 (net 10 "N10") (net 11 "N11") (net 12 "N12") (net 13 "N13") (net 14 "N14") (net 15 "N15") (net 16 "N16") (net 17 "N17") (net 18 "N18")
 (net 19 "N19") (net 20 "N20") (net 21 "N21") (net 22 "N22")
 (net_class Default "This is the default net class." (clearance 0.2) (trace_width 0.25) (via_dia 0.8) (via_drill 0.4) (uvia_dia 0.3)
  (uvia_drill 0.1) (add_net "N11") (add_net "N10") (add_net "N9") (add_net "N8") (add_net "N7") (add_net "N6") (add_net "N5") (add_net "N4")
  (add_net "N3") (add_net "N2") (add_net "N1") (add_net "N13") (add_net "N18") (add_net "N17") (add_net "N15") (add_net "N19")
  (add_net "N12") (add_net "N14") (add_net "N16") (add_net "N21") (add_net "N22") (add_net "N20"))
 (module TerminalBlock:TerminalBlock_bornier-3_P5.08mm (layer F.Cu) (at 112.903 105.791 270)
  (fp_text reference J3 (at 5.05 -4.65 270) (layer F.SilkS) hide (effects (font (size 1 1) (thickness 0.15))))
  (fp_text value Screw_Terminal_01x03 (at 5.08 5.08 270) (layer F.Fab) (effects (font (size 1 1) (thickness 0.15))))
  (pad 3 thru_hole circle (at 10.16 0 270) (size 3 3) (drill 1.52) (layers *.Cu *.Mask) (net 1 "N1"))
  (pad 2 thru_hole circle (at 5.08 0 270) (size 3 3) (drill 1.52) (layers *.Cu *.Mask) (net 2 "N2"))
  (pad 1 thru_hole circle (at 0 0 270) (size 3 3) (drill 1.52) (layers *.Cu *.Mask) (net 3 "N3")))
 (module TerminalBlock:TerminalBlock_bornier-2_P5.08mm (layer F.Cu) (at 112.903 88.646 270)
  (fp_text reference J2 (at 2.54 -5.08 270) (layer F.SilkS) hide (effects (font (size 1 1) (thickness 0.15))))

--

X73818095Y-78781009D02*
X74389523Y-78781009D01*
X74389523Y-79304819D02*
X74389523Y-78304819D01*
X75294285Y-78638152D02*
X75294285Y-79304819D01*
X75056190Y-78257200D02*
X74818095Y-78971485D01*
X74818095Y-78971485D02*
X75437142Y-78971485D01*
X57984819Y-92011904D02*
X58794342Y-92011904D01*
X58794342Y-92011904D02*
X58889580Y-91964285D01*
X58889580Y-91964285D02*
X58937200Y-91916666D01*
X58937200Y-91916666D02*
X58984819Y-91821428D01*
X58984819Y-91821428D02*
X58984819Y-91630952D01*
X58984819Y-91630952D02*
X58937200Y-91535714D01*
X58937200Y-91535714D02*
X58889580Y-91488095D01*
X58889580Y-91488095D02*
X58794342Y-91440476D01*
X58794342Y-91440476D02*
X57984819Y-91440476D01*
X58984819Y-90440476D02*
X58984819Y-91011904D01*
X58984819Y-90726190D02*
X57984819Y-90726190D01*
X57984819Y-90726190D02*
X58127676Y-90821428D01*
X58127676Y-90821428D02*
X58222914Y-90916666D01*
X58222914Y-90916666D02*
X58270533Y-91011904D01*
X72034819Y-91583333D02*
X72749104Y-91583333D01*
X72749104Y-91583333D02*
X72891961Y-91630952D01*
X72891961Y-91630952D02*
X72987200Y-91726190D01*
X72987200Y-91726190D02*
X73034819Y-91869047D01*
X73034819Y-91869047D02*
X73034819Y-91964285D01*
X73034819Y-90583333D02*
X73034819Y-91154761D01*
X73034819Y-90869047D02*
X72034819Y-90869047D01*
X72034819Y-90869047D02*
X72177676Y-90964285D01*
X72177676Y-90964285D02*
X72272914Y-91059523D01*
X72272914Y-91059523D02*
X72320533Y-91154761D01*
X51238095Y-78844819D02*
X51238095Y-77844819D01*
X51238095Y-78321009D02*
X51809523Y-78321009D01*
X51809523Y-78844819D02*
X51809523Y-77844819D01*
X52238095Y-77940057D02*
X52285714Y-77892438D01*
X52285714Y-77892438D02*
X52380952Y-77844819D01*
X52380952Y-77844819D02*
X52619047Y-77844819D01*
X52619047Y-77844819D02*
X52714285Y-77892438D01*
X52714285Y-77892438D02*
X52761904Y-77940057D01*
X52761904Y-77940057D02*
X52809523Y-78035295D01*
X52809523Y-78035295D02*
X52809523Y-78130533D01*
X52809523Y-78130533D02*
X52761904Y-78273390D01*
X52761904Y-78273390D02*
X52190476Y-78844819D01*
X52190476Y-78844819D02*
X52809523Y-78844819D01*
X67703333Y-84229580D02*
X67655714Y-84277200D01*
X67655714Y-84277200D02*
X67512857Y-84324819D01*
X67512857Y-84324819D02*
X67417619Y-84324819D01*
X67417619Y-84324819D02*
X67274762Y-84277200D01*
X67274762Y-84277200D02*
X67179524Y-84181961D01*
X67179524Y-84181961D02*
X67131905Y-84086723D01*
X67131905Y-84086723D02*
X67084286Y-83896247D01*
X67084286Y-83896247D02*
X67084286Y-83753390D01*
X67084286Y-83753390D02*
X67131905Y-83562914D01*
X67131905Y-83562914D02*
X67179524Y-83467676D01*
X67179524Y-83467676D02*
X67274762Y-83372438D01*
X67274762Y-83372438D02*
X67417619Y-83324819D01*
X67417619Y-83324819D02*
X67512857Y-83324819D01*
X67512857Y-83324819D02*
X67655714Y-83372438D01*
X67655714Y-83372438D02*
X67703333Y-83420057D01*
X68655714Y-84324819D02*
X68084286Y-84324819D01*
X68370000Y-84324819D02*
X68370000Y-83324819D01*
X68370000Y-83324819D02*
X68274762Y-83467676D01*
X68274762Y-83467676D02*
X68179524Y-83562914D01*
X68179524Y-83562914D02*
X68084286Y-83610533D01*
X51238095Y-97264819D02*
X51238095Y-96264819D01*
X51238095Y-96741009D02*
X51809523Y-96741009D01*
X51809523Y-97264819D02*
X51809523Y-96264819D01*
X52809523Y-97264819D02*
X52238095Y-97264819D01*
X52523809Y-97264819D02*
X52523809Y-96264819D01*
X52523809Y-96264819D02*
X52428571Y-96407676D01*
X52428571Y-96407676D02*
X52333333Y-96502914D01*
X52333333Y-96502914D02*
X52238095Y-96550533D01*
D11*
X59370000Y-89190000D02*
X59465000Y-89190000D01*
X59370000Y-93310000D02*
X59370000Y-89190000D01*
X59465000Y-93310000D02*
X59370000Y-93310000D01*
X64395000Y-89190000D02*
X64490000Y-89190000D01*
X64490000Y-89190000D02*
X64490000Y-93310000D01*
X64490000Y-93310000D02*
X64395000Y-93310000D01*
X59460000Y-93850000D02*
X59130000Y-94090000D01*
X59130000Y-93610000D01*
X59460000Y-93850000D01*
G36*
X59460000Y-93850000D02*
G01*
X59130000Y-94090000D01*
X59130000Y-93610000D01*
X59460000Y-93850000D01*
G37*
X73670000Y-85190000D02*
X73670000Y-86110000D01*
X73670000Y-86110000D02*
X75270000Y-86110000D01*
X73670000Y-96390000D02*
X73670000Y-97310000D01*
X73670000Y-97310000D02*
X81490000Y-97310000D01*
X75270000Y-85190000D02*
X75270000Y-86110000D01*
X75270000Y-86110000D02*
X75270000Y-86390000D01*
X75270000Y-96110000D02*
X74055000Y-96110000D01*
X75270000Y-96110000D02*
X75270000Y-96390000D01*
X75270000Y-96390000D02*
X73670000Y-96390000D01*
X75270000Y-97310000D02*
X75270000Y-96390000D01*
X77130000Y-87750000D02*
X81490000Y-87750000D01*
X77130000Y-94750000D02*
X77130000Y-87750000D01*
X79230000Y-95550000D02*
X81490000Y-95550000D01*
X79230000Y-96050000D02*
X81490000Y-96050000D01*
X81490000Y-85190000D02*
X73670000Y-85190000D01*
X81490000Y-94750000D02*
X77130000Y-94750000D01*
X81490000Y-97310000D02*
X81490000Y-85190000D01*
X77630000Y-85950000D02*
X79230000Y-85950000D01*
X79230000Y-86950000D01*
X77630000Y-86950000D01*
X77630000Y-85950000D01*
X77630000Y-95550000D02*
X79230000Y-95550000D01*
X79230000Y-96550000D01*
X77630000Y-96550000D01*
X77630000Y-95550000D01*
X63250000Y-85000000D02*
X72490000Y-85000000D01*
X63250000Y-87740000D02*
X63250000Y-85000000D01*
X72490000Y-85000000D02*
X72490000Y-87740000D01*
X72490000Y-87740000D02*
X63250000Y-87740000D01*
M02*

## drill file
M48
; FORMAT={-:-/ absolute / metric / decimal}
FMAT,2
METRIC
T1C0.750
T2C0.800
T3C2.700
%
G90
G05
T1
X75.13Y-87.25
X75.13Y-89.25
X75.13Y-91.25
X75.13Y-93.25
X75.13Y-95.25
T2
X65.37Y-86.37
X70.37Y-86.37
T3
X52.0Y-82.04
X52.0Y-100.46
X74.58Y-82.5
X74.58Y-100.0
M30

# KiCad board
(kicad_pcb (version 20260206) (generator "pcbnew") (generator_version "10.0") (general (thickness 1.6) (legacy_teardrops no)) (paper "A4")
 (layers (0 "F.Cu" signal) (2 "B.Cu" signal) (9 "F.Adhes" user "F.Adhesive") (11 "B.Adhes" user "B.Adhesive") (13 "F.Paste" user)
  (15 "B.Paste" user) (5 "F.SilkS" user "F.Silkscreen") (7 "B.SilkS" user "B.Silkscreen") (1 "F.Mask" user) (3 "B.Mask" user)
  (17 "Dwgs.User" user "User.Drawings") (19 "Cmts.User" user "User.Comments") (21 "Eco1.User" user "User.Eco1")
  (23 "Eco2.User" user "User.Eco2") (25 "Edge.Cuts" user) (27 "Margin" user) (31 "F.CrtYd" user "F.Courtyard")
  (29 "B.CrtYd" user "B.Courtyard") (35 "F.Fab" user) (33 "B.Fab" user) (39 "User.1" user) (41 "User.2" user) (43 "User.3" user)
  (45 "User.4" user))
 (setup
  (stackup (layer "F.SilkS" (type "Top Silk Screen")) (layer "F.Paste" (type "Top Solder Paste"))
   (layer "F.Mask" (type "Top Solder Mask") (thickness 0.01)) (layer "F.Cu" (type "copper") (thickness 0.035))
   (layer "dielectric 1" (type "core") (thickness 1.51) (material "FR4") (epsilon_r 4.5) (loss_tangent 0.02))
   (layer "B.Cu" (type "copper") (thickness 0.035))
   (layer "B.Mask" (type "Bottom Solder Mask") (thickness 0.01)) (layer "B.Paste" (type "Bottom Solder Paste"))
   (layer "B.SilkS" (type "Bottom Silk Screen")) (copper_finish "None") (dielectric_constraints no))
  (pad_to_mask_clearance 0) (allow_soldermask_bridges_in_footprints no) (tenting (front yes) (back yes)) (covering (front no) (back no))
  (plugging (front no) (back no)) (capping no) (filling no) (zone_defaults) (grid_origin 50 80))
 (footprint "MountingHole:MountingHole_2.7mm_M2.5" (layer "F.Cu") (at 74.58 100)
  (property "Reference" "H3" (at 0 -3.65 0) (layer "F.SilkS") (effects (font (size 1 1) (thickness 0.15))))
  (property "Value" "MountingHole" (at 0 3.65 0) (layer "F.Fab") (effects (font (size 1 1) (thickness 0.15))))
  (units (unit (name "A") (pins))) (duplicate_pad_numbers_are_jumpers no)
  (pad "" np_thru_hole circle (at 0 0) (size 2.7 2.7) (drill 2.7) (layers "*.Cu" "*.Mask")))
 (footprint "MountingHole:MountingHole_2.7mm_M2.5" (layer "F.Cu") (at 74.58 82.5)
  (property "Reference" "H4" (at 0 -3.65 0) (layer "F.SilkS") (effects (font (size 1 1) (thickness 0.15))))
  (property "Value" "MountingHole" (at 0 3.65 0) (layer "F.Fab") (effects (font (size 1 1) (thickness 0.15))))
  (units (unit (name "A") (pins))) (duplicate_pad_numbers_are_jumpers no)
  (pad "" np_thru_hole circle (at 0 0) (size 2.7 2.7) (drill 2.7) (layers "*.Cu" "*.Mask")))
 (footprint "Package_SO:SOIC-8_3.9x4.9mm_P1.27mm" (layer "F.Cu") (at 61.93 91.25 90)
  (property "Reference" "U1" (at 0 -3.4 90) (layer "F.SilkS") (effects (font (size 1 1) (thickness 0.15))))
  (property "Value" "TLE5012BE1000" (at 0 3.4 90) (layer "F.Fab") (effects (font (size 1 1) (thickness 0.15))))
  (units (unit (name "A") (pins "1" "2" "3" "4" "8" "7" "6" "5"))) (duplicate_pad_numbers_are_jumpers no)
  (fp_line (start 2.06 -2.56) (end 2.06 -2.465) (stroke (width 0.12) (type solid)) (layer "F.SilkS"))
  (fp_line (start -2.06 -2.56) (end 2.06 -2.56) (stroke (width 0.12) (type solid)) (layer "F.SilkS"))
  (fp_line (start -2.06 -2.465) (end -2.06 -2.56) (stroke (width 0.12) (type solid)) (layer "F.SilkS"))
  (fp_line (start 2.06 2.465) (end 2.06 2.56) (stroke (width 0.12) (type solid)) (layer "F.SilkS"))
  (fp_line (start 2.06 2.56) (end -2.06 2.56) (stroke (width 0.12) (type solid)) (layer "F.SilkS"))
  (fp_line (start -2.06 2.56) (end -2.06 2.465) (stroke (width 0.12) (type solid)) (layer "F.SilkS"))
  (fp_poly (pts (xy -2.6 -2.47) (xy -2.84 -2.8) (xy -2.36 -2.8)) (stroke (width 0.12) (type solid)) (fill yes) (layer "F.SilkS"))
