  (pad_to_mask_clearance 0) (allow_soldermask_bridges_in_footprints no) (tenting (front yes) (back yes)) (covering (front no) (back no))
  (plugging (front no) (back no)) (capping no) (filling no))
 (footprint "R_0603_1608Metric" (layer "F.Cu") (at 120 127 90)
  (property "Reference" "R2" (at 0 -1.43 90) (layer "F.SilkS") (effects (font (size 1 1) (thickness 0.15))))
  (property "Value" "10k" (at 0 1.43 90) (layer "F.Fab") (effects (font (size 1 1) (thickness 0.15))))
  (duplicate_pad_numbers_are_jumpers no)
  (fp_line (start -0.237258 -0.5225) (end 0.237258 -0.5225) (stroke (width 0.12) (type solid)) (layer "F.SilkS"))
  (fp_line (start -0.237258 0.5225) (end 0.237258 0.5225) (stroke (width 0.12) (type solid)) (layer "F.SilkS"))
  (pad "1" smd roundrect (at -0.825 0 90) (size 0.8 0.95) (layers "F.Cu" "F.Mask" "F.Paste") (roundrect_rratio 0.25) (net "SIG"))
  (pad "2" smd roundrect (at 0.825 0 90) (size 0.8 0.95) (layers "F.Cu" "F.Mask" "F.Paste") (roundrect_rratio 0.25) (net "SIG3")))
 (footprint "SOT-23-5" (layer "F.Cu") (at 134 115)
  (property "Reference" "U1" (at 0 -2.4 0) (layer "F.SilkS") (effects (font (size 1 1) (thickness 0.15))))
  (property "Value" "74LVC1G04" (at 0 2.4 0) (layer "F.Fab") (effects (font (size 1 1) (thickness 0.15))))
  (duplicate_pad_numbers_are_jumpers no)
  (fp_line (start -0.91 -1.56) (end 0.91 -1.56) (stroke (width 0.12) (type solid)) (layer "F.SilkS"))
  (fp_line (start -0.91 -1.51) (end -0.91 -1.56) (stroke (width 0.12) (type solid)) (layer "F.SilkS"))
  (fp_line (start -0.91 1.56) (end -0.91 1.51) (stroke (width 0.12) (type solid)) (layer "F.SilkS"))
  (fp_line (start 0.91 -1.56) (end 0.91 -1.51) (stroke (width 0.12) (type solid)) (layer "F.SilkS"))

**What the task requires:** Your answer must be every line from the listing above that holds the string "module".

**Response:**
 (module TerminalBlock:TerminalBlock_bornier-3_P5.08mm (layer F.Cu) (at 112.903 105.791 270)
 (module TerminalBlock:TerminalBlock_bornier-2_P5.08mm (layer F.Cu) (at 112.903 88.646 270)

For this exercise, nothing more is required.